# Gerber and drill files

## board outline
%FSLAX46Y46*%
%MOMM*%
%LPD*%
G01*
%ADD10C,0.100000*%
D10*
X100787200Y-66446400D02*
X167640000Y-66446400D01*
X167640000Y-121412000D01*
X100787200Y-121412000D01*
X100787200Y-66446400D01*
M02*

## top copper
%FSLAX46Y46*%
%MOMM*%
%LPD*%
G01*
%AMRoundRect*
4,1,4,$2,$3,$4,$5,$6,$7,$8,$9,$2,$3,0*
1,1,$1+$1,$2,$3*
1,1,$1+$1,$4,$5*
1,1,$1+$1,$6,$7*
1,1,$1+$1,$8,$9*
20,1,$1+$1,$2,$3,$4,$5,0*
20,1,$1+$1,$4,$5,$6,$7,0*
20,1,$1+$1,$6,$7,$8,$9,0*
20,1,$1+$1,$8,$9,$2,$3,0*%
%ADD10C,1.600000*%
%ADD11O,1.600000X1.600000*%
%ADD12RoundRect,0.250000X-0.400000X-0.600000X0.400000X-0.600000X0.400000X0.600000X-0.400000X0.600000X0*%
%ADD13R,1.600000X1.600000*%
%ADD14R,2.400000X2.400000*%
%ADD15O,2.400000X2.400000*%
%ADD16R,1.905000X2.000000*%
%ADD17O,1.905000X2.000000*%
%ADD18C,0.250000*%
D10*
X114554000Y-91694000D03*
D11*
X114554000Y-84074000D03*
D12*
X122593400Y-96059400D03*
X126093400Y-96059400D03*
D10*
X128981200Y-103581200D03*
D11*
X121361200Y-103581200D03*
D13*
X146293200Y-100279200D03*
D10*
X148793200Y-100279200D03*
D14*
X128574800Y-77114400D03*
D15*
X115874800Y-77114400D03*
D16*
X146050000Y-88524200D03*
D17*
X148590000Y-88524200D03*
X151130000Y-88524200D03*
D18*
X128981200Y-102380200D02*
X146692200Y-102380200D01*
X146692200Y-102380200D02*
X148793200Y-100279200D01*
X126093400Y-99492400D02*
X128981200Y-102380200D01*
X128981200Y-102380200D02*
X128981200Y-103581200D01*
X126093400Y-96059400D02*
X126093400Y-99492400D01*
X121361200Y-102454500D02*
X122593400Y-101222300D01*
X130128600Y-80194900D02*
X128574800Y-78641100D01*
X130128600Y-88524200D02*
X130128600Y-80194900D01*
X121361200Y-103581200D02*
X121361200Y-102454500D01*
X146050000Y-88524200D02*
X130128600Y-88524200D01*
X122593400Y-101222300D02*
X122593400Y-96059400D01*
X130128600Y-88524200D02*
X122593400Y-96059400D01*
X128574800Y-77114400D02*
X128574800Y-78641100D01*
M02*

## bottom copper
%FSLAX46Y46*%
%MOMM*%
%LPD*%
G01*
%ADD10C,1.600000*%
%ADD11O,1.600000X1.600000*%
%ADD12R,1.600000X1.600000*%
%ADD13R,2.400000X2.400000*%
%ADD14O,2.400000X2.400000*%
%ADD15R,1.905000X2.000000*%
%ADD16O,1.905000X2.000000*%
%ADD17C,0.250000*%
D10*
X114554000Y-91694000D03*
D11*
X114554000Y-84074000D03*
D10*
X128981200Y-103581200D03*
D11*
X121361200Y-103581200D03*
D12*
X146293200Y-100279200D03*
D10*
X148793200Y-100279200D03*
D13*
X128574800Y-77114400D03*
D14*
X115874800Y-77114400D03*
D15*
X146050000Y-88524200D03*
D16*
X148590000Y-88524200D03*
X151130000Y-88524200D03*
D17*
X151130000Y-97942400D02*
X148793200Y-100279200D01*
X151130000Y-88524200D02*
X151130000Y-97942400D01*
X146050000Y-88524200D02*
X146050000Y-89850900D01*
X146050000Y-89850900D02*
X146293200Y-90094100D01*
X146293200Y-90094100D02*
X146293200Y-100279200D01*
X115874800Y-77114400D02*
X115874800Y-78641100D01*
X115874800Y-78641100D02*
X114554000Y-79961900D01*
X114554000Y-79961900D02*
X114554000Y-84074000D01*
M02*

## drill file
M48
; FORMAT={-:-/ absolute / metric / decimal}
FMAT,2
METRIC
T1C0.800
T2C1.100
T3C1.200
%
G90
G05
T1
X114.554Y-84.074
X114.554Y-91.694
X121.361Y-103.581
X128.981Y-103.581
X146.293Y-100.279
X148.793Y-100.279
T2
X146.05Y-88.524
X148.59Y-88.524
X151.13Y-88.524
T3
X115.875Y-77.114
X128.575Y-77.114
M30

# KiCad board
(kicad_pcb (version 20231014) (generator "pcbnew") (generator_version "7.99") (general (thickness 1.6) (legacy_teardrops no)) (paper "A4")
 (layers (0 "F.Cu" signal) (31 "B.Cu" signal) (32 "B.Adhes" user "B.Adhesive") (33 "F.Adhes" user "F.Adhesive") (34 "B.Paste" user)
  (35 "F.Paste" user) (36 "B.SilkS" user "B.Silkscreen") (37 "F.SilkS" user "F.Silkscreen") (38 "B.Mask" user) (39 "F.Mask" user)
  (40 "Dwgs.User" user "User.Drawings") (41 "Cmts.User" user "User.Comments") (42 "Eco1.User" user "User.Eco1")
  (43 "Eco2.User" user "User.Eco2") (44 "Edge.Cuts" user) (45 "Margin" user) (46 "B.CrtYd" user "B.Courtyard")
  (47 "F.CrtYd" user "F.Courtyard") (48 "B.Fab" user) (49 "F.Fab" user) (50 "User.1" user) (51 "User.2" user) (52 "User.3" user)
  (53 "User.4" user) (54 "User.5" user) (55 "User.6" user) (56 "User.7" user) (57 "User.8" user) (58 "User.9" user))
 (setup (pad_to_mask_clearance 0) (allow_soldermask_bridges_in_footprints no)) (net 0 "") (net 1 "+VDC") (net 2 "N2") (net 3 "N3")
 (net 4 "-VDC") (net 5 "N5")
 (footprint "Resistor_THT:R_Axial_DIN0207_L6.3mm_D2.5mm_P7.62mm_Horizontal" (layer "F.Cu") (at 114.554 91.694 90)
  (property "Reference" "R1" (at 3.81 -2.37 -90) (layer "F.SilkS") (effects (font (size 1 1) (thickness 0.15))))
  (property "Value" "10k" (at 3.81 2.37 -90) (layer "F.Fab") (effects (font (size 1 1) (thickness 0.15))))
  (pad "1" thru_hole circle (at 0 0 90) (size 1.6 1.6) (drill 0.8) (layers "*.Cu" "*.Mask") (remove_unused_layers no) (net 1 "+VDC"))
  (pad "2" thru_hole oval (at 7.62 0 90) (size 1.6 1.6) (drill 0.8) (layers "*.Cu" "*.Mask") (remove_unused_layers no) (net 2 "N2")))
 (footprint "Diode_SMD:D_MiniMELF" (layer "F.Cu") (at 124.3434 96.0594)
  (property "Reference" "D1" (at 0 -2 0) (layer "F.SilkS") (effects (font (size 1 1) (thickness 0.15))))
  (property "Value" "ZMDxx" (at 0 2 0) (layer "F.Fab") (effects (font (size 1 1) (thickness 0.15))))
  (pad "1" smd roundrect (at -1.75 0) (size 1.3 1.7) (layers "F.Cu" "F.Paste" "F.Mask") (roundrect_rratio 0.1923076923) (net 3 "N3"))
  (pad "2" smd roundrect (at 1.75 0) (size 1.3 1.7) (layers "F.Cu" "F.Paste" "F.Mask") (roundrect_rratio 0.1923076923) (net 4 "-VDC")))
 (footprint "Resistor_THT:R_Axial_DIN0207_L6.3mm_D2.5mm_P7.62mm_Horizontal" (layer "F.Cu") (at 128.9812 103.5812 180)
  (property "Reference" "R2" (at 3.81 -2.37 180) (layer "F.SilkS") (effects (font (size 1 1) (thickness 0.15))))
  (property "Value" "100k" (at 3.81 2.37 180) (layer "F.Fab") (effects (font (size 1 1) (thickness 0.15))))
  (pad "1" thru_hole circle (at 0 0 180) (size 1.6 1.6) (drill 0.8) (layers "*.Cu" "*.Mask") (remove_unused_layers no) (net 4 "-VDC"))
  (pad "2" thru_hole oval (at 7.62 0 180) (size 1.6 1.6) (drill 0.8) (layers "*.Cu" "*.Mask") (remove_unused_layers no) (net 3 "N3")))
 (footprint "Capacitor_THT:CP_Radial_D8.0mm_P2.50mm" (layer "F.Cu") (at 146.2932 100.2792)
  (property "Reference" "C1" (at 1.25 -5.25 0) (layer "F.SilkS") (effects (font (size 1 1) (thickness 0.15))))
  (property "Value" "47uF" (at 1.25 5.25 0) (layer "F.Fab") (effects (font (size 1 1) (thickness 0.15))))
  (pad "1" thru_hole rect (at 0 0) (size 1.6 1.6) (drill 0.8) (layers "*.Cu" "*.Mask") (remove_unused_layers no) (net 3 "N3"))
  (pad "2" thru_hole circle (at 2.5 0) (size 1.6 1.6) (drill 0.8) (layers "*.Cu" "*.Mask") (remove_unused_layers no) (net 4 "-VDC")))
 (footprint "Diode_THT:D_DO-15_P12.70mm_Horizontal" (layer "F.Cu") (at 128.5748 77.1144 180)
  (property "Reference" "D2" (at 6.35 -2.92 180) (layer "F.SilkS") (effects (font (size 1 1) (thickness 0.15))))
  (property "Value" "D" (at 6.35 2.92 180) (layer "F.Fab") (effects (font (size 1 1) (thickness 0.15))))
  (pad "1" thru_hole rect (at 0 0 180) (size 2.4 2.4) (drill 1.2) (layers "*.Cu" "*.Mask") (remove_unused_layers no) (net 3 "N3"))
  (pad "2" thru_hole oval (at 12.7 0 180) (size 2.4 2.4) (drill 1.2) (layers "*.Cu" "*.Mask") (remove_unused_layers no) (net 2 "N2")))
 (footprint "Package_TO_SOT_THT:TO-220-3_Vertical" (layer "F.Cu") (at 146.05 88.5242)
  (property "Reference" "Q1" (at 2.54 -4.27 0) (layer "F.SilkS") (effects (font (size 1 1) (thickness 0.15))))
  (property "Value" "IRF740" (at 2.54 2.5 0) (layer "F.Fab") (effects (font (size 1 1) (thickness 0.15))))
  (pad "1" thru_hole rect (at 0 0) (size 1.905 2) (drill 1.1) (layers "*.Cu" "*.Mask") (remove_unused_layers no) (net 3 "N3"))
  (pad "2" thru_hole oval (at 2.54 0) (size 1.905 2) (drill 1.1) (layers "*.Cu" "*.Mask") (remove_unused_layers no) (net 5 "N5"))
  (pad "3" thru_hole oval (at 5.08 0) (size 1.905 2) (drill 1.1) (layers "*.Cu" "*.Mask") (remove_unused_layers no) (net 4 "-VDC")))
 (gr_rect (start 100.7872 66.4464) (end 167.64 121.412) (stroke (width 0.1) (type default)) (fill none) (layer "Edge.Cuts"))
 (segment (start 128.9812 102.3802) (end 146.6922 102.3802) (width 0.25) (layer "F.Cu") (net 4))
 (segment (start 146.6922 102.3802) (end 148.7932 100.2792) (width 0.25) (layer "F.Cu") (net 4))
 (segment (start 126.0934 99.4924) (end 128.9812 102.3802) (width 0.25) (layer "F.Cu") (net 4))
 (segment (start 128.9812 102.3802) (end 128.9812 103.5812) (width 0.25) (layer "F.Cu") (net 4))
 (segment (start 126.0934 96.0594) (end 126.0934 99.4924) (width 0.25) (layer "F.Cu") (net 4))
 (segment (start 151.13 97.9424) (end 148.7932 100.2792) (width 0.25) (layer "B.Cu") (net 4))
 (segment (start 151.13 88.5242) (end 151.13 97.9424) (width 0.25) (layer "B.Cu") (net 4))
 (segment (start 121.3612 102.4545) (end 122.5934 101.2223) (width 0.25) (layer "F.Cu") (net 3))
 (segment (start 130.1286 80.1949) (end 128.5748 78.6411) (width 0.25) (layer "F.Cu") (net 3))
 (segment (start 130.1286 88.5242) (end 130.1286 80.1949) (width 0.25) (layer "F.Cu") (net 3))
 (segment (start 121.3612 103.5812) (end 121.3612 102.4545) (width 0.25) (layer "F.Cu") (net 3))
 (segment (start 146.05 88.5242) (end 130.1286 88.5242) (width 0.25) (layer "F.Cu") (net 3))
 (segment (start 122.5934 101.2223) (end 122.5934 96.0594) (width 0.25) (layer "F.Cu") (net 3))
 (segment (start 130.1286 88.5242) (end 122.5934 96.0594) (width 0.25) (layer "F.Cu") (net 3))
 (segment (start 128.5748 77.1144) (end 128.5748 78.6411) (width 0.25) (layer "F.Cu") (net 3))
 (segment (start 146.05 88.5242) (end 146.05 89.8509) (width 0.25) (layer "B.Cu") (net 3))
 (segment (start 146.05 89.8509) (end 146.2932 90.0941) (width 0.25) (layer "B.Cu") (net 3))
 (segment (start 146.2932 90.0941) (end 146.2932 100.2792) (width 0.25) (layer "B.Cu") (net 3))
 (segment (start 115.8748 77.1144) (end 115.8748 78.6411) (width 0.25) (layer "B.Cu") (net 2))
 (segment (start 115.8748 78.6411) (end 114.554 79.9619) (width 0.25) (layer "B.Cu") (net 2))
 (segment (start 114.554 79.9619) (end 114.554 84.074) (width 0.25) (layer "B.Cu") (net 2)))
....
Exercise | Only one number is wanted: how many lines of the data above include the word "CrtYd".

Exercise result | 2